# Lindsay Lohan – Produzent engagiert sie doppelt



## Mandalorianer (20 Apr. 2011)

*Lindsay Lohan – Produzent engagiert sie doppelt​*
Alle Achtung, Lindsay Lohan steht ein größeres Comeback bevor als bisher angekündigt. Hollywood-Produzent Marc Fiore, der Lindsay auch schon für den Mafia-Streifen „Gotti: Three Generations“ verpflichtete , ist so sehr begeistert von ihr, dass er sie in einem weiteren Film dabei haben will:


„Ich will sie nicht nur in Gotti, sondern auch in einem anderen Film.

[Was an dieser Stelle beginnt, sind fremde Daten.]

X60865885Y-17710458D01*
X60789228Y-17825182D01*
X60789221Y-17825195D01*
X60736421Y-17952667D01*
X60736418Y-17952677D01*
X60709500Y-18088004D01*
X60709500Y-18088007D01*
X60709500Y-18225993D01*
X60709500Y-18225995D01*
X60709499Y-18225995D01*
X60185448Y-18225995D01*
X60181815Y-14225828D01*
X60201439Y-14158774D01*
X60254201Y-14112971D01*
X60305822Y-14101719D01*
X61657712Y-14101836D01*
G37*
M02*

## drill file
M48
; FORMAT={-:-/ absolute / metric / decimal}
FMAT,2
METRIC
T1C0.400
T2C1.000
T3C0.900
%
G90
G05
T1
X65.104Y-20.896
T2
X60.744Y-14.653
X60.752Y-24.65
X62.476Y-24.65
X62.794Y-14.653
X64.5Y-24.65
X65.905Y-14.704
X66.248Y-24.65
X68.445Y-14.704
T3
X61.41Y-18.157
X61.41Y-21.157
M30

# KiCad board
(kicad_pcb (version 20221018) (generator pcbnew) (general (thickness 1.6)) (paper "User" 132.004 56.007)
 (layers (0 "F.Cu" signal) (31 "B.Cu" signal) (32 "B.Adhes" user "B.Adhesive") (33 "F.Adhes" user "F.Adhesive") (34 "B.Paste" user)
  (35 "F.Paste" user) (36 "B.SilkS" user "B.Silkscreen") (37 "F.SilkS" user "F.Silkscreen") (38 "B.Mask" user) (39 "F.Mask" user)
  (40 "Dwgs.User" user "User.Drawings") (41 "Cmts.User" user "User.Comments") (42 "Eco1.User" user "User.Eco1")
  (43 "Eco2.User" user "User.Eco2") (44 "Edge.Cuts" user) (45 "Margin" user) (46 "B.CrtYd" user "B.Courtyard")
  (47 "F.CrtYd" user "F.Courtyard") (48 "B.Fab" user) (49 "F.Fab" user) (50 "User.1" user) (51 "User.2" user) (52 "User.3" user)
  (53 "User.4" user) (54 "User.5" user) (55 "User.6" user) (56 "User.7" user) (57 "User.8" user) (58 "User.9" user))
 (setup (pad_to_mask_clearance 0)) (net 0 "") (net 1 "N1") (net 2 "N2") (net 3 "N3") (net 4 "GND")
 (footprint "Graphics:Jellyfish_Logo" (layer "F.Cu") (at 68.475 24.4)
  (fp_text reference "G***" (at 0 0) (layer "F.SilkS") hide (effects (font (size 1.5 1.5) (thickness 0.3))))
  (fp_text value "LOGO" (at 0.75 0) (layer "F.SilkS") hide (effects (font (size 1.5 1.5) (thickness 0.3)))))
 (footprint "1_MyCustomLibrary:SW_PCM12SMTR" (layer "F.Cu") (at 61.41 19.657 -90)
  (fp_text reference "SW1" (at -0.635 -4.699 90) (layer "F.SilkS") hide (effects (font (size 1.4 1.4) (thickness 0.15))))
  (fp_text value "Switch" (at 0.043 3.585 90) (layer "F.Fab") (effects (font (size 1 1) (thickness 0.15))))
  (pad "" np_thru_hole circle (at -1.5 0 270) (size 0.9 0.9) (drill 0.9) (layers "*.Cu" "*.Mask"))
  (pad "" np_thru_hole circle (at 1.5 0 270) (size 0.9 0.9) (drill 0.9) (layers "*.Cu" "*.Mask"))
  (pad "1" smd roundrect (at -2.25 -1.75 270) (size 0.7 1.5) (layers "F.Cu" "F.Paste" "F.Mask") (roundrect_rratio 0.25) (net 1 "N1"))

Sie ist eine großartige Schauspielerin.“ Die Rede ist von „Mob Street“, inhaltlich dreht sich der Streifen wieder um die Mafia, diesmal um ihre Machenschaften an der Wall Street.

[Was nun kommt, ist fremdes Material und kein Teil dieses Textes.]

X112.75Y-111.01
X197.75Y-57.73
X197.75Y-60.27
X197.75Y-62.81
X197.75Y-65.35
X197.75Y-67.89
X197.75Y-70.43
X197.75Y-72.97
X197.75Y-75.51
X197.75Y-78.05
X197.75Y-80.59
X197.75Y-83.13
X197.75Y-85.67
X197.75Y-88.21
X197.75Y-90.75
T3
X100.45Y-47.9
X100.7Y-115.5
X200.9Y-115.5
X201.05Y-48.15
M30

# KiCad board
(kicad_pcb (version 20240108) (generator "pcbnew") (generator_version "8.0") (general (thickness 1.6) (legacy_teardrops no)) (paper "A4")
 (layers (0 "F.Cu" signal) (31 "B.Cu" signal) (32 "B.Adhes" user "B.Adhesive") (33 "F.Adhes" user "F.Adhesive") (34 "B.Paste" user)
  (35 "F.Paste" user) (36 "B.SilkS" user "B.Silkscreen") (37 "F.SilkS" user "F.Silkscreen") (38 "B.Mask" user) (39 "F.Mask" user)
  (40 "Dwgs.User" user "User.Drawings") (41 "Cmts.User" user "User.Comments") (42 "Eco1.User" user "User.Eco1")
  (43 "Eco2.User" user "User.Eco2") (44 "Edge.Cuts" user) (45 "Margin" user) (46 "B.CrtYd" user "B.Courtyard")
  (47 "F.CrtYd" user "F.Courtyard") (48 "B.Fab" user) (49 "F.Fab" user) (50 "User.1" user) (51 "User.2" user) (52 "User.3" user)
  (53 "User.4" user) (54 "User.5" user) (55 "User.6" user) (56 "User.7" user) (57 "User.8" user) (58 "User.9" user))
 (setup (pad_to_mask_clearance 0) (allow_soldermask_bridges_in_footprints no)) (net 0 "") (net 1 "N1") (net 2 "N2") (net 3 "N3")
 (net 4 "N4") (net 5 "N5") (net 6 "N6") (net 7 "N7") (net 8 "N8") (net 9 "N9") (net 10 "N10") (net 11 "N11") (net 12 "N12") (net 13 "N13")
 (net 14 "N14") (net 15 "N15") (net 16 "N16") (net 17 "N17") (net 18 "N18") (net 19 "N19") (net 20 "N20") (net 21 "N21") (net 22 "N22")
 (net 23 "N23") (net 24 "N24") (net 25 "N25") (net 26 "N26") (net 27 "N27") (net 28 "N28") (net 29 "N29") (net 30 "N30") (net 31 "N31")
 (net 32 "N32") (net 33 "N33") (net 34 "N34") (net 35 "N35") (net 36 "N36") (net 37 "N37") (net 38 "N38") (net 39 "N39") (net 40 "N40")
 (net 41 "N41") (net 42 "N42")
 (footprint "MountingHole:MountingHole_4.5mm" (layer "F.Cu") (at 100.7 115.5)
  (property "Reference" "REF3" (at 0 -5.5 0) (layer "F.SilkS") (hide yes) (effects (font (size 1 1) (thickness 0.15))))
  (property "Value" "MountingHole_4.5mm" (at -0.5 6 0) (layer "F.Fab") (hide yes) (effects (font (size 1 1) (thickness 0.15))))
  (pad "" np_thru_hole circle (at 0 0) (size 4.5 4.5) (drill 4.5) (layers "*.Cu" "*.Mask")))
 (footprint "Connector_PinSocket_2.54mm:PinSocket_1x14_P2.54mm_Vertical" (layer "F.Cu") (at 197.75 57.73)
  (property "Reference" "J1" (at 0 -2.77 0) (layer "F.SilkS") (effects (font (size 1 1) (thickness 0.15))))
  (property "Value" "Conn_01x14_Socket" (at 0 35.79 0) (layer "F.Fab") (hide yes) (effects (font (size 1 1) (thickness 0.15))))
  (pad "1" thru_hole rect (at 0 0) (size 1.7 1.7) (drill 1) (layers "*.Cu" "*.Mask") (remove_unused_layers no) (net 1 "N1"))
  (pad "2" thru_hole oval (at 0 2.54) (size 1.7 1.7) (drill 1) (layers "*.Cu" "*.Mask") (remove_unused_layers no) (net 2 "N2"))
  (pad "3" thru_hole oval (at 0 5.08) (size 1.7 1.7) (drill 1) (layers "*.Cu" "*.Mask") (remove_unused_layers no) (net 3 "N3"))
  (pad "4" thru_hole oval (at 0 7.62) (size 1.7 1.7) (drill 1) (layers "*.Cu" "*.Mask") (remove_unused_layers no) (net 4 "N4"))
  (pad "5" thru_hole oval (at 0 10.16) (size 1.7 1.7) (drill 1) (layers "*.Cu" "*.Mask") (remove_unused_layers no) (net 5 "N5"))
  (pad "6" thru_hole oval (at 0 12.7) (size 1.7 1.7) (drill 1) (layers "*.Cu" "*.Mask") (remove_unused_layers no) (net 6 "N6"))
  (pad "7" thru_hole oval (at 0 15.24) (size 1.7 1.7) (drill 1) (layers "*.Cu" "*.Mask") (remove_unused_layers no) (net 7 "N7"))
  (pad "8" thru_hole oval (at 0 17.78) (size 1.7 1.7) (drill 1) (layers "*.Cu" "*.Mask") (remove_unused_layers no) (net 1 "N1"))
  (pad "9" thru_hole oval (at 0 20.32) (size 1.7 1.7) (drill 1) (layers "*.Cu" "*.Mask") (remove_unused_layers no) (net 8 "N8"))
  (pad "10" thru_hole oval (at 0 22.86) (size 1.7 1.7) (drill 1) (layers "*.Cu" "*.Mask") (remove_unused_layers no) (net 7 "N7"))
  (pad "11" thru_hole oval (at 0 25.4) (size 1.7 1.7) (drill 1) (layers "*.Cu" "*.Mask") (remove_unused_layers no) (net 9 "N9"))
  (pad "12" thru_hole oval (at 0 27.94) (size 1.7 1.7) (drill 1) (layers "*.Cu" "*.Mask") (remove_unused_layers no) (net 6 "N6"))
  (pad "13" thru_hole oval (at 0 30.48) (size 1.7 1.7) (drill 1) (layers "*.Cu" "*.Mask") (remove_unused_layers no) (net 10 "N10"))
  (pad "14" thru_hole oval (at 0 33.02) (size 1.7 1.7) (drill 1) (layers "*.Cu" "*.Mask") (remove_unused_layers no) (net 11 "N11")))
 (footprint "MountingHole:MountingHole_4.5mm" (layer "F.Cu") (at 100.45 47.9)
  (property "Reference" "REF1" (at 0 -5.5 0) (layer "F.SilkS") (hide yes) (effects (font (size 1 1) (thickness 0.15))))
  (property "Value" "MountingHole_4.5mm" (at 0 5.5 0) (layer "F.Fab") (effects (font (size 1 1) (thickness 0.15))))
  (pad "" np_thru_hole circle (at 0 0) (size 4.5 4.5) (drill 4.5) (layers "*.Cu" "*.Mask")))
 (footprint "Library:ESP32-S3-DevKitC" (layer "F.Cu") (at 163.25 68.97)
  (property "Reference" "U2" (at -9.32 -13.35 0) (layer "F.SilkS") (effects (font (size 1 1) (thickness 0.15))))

Fürchtet sich Marc nicht vor Lindsays berüchtigter Unzuverlässigkeit? Nein! „Ich habe sie als sehr professionelle Schauspielerin kennengelernt. Menschen machen Fehler. In Hollywood gibt es viele davon.“

Am 22. April muss Lindsay erneut vor Gericht erscheinen, da sie im Januar eine 2500 Dollar-Halskette gestohlen habe . Wenn die 24-Jährige den Richter nicht von ihrer Unschuld überzeugen kann, muss sie in den Knast. Ihr Comeback steht also trotz der vielen Angebote weiter auf der Kippe.



*Gruss Gollum:thumbup:*


----------



## Punisher (3 Mai 2011)

LiLo ist scharf, ich würd sie auch nicht von der Besetzungscouch stoßen


----------